====== EXCERPTED RECORDS ======
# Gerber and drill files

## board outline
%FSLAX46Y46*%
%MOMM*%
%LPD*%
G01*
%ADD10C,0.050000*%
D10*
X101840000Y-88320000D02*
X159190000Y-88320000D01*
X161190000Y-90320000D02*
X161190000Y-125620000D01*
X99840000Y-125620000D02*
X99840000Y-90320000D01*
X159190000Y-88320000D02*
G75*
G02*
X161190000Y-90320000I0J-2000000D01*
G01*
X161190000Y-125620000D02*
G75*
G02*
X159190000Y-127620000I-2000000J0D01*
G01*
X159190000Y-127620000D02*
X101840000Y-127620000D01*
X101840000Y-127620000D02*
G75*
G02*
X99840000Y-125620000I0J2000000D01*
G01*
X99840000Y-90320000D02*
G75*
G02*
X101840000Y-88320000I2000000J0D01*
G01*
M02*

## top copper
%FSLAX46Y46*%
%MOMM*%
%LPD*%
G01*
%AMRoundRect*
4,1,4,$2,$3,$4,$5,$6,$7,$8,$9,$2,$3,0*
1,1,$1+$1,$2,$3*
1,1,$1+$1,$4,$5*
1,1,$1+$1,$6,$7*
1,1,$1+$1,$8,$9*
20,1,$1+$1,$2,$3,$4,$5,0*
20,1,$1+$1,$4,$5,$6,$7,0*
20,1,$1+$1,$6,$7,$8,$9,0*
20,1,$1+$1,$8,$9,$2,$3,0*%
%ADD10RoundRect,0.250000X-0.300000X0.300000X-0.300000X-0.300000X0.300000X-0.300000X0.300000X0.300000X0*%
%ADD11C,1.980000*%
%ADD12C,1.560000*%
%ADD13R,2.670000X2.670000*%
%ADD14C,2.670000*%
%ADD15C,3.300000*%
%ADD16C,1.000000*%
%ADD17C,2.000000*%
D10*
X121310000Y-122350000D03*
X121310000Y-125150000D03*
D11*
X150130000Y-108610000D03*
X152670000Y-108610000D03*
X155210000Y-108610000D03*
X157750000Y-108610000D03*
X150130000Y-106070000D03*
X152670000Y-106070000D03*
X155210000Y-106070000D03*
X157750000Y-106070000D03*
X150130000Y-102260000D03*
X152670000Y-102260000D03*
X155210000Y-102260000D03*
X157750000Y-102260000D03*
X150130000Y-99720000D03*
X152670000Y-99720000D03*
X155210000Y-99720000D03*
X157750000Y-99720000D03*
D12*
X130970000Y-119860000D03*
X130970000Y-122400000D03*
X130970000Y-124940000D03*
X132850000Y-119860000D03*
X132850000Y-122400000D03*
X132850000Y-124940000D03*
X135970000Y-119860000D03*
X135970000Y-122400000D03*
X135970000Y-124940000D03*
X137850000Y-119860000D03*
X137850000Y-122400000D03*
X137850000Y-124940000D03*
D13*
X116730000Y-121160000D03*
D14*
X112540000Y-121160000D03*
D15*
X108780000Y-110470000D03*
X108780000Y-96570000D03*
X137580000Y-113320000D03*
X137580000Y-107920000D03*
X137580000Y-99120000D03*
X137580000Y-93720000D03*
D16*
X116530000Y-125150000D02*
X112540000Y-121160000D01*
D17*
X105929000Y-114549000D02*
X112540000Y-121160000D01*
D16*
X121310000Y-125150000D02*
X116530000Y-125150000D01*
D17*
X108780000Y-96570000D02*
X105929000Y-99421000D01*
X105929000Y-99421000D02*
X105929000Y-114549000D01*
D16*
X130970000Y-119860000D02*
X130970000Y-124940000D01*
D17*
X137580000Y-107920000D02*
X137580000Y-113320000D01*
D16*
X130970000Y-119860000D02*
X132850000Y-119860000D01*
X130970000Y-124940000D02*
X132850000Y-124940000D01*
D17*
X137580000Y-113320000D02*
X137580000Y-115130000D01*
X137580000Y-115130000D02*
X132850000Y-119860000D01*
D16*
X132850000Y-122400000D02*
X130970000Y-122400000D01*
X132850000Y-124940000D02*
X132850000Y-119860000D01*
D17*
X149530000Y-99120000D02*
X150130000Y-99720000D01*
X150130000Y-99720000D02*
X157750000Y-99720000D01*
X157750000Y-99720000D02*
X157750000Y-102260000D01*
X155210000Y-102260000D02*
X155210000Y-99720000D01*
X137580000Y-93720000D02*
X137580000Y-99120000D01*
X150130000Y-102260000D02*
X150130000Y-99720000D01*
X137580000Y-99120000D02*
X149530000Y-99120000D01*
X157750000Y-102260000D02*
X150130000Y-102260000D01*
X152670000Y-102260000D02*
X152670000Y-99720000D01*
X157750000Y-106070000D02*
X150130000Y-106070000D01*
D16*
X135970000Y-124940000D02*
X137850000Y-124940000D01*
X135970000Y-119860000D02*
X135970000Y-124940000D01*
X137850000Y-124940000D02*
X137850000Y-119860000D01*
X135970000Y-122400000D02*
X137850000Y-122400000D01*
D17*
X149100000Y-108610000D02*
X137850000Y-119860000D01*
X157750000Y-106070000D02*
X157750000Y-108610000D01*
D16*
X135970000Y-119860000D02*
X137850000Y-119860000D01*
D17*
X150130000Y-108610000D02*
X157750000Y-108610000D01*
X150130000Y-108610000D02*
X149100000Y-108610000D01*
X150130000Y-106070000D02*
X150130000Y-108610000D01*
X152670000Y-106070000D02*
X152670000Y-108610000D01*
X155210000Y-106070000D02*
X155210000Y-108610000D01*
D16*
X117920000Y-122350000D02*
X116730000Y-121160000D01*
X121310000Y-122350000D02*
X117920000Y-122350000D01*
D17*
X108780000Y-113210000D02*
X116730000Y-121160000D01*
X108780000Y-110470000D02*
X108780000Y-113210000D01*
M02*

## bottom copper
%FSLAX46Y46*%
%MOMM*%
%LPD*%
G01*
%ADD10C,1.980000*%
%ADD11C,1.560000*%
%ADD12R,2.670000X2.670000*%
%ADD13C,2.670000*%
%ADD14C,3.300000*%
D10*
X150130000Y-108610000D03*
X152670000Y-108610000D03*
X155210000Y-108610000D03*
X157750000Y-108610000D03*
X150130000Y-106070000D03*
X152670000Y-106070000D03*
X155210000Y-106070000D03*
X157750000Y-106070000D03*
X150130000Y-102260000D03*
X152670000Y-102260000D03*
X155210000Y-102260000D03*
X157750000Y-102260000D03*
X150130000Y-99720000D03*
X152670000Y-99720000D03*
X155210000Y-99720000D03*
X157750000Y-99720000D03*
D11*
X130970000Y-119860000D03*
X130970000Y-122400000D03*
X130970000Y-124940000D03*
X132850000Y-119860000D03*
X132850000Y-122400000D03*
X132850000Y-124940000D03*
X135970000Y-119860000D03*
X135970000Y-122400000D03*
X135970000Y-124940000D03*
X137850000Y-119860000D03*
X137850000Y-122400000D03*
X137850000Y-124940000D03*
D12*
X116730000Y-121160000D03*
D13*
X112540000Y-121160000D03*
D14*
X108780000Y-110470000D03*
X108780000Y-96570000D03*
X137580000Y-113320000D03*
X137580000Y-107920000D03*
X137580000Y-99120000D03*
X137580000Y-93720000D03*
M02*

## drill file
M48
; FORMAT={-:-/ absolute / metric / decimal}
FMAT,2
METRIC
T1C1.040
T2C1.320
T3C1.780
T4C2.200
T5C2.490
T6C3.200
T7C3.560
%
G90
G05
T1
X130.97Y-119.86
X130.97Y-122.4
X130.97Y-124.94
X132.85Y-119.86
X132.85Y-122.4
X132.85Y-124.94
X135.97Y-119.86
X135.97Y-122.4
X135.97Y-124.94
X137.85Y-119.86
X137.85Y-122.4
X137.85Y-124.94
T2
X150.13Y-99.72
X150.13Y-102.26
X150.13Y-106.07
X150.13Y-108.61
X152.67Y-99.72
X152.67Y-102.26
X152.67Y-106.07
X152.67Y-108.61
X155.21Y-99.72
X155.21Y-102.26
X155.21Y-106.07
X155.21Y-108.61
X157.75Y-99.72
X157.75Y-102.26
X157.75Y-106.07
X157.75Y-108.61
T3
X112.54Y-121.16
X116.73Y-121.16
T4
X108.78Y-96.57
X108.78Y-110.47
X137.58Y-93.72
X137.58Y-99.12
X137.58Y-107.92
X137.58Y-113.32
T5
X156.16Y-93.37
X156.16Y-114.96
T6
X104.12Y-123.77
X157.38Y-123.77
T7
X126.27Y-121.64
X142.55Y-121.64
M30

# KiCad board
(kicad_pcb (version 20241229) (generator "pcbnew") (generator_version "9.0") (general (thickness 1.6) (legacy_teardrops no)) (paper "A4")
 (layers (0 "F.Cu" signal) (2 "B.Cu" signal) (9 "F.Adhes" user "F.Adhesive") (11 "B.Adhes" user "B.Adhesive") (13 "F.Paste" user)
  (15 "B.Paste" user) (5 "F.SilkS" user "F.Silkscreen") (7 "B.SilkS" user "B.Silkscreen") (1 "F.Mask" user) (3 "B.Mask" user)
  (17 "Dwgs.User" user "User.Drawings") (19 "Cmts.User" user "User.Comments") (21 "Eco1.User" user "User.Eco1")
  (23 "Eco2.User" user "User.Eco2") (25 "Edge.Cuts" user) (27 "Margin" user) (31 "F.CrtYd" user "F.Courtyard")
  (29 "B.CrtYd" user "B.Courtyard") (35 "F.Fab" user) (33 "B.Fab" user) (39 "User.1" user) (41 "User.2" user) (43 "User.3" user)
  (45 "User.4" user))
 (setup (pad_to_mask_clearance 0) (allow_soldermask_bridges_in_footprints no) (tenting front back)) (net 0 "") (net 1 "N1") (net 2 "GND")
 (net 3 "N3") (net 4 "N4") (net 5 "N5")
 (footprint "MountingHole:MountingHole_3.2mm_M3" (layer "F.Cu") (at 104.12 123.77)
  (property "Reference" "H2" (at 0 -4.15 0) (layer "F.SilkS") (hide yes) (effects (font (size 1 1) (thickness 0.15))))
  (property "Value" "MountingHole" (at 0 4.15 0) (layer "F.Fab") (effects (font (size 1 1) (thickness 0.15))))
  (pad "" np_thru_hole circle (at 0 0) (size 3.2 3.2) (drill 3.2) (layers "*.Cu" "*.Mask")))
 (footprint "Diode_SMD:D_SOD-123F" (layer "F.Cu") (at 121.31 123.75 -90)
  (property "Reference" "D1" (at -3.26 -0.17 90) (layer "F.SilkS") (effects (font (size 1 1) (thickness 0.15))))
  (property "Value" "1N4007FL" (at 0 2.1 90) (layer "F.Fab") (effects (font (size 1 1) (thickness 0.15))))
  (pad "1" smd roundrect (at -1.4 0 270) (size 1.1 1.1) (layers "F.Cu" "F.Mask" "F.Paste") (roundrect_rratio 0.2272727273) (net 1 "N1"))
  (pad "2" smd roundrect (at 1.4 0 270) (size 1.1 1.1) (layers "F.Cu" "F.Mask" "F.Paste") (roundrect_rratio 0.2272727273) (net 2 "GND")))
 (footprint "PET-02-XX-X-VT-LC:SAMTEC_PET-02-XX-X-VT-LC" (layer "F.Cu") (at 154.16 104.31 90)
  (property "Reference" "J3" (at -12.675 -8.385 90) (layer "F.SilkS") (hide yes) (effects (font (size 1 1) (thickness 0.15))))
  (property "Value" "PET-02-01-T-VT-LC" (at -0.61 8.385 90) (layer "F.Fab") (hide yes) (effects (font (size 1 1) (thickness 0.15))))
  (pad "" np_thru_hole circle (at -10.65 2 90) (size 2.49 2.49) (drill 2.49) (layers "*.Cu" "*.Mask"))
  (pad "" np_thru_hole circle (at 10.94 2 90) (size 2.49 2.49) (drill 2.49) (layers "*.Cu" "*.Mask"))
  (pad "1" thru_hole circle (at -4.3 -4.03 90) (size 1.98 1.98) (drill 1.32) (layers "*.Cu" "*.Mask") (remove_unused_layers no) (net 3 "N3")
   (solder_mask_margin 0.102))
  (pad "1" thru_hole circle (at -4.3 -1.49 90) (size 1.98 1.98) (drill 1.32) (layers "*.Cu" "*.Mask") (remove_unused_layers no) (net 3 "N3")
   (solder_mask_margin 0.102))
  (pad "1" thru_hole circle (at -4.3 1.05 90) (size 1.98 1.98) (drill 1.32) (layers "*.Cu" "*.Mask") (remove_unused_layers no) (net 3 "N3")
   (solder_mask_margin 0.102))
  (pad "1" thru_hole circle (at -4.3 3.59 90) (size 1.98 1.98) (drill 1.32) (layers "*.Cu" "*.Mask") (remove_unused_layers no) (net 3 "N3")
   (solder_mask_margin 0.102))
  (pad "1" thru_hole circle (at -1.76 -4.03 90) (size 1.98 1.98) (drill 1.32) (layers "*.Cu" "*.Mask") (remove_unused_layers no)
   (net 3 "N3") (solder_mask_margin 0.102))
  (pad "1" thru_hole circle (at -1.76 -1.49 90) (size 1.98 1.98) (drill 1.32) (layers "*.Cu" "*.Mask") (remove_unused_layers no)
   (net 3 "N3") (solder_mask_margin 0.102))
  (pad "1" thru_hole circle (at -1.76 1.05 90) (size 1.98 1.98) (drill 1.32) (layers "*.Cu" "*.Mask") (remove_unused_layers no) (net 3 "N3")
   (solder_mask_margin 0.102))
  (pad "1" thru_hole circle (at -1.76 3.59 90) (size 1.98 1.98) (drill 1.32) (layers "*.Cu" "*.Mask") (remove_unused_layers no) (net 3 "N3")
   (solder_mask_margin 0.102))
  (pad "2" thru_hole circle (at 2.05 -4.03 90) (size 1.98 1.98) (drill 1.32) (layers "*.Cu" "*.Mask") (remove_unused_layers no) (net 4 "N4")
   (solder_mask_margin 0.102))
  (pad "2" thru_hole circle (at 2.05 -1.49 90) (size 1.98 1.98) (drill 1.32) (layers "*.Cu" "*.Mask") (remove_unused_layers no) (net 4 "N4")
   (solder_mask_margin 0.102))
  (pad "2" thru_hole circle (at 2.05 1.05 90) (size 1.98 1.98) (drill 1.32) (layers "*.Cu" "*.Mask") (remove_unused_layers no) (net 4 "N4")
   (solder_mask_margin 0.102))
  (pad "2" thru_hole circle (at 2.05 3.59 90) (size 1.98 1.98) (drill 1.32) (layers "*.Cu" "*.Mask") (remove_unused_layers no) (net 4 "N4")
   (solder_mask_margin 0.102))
======
> _AIM OF THE TASK_
In the records above, how many lines hold the string "CrtYd"? Reply with only the number.

> _RESULT_
2